In the records that follow, find each line with the word "Solder" and copy it.

Stored items:
==*==

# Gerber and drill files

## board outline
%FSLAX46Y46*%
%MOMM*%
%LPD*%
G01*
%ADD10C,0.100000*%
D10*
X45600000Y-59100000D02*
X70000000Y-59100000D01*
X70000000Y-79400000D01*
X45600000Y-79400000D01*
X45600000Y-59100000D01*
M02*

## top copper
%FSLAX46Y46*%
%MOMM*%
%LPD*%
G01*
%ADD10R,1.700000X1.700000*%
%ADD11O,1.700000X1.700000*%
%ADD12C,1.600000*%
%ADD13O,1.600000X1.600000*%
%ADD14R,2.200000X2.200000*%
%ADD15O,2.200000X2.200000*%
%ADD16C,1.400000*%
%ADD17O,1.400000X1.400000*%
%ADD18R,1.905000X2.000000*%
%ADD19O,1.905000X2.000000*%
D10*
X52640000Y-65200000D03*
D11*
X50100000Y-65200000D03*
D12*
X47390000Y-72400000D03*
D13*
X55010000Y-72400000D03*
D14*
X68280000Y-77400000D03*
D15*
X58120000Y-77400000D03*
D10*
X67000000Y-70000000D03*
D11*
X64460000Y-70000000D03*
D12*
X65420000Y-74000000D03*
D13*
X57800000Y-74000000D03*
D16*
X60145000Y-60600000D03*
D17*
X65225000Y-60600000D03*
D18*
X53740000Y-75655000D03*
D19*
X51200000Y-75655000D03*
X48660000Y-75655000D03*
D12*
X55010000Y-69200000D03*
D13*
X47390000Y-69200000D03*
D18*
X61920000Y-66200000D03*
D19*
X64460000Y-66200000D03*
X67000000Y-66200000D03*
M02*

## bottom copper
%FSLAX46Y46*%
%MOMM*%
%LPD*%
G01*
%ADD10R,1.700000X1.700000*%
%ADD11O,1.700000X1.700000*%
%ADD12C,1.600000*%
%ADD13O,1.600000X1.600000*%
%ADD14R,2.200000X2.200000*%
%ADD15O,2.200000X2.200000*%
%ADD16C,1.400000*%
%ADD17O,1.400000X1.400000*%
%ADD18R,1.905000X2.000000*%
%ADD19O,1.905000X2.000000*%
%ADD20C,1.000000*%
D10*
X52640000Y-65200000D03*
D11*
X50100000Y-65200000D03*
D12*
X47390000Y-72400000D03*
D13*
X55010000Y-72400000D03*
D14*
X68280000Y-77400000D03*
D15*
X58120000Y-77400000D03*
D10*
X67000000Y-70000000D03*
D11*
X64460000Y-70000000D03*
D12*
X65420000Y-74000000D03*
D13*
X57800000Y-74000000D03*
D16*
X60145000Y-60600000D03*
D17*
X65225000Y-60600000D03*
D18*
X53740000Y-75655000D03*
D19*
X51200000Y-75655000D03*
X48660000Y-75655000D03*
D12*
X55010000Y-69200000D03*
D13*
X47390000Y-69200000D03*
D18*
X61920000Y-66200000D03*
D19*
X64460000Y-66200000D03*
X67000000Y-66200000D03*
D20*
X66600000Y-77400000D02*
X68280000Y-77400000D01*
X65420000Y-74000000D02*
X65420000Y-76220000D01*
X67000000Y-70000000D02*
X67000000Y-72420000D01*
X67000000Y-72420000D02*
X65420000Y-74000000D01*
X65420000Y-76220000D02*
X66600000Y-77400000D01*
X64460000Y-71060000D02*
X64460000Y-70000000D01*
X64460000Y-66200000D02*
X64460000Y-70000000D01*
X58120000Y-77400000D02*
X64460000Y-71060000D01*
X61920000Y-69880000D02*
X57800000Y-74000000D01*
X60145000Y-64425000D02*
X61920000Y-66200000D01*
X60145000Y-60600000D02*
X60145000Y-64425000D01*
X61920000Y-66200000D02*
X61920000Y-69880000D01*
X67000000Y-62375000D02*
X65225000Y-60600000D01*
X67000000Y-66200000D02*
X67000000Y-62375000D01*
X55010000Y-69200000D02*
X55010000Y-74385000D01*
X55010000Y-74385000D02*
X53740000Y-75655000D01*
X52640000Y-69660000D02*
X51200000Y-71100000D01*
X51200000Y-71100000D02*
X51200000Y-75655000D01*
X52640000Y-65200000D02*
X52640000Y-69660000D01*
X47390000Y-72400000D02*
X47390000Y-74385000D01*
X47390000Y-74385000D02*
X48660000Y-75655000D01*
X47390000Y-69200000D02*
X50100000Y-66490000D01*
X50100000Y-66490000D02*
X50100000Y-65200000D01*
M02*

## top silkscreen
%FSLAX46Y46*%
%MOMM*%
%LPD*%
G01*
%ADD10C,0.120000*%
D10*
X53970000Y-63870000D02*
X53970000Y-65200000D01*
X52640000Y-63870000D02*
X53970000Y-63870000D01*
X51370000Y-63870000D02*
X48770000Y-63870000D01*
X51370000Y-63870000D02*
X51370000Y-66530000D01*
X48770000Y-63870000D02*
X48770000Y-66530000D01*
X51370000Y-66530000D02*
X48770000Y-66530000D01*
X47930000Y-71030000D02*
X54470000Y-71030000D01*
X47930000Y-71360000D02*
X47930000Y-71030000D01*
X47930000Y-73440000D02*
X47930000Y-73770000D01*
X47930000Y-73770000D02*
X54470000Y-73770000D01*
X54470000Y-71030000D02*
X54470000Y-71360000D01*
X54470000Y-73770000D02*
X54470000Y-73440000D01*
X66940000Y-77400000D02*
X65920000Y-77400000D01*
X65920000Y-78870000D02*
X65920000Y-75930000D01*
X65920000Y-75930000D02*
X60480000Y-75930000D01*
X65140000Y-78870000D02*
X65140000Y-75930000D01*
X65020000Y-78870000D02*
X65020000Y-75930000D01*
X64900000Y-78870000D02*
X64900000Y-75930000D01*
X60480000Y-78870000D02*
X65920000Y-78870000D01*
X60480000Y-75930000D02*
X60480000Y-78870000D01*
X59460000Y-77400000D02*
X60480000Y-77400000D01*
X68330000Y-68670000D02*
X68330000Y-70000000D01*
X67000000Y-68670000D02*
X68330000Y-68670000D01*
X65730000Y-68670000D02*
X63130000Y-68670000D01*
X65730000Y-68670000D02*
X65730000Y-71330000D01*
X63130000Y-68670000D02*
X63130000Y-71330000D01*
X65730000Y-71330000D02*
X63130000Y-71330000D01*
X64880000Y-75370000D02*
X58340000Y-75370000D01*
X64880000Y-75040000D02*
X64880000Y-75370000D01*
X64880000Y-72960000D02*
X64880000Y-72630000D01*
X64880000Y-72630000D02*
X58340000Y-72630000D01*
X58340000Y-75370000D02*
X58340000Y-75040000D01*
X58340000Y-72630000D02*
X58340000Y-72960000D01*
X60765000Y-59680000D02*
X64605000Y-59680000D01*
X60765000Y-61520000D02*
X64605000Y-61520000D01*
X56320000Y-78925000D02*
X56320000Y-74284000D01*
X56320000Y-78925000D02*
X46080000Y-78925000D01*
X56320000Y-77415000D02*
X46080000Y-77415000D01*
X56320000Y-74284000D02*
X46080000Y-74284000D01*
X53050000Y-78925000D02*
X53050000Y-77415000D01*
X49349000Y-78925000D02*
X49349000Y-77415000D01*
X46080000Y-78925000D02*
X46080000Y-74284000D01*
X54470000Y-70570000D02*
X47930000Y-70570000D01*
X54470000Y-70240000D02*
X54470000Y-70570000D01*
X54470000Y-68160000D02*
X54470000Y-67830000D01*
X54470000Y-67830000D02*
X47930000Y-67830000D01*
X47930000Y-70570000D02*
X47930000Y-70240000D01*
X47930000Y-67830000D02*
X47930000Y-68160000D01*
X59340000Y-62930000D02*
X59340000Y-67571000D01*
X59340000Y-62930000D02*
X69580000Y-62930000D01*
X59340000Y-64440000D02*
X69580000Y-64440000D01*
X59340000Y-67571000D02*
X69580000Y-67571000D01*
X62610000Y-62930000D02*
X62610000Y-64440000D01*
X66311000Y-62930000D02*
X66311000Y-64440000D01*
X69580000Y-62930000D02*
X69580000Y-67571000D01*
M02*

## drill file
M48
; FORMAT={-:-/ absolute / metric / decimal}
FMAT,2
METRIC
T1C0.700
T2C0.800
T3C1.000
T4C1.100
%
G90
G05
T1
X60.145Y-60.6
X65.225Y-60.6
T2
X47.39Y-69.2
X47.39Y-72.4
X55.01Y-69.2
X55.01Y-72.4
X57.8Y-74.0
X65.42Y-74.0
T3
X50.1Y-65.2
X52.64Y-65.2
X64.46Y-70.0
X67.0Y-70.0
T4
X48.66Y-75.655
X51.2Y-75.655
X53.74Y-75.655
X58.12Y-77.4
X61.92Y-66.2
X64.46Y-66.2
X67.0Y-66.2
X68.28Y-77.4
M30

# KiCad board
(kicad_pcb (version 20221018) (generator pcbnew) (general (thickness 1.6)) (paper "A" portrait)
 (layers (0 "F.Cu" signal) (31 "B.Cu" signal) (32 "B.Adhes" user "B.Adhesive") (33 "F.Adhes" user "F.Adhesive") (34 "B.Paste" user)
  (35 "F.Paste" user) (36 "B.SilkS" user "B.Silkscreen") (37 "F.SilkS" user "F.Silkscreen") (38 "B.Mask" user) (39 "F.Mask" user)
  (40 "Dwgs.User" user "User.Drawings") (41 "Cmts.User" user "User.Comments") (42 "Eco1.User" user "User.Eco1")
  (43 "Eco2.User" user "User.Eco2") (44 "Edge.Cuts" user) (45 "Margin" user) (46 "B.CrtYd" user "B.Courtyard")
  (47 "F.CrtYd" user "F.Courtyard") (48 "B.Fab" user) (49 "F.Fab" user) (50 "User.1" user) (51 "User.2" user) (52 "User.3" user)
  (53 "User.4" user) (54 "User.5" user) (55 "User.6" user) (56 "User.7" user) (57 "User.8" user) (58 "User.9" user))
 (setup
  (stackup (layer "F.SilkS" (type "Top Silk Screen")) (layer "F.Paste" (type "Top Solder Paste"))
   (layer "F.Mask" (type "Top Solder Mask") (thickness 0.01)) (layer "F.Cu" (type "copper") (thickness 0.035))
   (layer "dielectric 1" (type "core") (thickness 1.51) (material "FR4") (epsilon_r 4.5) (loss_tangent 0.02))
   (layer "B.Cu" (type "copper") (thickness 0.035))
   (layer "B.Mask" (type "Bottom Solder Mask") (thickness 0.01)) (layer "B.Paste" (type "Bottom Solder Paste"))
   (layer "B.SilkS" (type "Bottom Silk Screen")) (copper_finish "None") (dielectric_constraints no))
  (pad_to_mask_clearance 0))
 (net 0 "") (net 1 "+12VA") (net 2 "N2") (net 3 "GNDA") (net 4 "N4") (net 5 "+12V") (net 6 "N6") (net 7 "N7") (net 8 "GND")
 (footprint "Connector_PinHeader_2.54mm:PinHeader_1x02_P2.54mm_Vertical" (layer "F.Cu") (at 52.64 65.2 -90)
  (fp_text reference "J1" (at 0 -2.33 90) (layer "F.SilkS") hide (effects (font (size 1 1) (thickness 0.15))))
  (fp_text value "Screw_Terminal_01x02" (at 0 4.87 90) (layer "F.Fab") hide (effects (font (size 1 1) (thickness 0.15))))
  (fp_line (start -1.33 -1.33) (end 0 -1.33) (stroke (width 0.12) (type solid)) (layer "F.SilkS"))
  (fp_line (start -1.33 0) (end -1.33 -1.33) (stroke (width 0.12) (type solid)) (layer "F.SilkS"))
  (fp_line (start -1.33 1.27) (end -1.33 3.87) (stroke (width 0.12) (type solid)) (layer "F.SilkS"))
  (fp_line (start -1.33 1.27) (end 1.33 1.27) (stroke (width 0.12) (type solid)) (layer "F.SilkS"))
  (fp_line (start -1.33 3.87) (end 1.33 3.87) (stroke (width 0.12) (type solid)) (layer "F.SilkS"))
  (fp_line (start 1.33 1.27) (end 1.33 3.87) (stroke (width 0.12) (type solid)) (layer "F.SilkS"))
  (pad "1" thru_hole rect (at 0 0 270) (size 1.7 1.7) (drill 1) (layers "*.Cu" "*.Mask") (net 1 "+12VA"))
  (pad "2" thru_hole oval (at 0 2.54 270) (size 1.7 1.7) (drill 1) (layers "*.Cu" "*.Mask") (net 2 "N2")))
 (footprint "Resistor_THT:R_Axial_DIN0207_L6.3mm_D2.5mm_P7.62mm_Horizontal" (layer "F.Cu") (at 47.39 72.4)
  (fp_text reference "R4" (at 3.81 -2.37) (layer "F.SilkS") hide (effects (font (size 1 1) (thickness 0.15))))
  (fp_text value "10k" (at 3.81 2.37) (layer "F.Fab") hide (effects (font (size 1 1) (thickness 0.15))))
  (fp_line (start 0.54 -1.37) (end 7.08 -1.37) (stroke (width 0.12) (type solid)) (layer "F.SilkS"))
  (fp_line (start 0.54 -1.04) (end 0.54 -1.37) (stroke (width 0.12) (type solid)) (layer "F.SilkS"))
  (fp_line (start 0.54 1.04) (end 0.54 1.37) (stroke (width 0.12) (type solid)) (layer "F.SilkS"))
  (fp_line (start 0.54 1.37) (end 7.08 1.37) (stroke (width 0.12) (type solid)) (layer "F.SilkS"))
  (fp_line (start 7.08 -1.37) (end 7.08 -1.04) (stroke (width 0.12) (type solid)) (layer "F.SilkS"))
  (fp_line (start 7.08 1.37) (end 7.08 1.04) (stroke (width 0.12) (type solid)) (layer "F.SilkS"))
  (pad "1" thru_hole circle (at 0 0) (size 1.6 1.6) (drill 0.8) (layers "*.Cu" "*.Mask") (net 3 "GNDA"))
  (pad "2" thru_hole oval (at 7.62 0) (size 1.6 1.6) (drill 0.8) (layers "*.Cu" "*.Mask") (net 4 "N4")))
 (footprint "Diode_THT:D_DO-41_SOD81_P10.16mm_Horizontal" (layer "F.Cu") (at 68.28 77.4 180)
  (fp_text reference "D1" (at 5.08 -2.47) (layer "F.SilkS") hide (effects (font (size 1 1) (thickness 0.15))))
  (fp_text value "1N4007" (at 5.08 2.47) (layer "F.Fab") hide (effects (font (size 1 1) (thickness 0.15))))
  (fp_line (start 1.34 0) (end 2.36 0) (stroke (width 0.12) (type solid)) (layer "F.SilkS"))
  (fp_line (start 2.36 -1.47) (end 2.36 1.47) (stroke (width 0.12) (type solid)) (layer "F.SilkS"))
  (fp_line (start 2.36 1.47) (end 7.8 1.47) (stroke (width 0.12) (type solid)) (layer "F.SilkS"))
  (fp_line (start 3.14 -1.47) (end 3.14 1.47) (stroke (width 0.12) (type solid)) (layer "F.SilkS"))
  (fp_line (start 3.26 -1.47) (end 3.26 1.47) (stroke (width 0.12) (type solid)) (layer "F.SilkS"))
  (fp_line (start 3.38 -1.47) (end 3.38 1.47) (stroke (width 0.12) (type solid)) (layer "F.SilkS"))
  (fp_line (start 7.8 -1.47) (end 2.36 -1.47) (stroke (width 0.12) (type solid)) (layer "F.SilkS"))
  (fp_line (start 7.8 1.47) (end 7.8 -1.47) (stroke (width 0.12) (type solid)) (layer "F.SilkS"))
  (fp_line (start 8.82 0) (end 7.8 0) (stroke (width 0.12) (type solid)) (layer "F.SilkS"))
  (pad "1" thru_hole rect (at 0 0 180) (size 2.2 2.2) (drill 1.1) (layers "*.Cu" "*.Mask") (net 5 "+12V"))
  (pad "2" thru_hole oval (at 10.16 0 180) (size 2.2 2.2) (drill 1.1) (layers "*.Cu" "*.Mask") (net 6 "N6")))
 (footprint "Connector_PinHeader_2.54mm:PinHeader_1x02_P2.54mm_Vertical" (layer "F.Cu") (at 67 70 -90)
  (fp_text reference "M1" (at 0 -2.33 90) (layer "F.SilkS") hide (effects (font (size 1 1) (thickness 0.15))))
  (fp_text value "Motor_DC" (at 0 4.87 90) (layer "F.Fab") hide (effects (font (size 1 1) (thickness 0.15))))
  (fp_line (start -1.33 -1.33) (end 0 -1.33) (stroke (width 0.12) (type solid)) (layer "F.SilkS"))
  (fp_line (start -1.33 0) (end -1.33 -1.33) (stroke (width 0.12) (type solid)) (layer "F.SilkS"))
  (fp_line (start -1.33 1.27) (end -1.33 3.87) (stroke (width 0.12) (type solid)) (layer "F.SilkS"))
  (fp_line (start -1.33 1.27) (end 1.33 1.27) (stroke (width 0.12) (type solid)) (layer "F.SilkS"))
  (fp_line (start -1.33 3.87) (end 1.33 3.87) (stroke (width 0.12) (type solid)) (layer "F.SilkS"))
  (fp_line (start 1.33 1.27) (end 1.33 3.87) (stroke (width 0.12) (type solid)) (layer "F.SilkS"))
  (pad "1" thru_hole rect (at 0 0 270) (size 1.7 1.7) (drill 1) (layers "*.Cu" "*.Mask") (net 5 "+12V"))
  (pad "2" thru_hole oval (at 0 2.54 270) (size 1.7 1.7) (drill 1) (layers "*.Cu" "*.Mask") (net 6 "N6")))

==*==

Written solution
  (stackup (layer "F.SilkS" (type "Top Silk Screen")) (layer "F.Paste" (type "Top Solder Paste"))
   (layer "F.Mask" (type "Top Solder Mask") (thickness 0.01)) (layer "F.Cu" (type "copper") (thickness 0.035))
   (layer "B.Mask" (type "Bottom Solder Mask") (thickness 0.01)) (layer "B.Paste" (type "Bottom Solder Paste"))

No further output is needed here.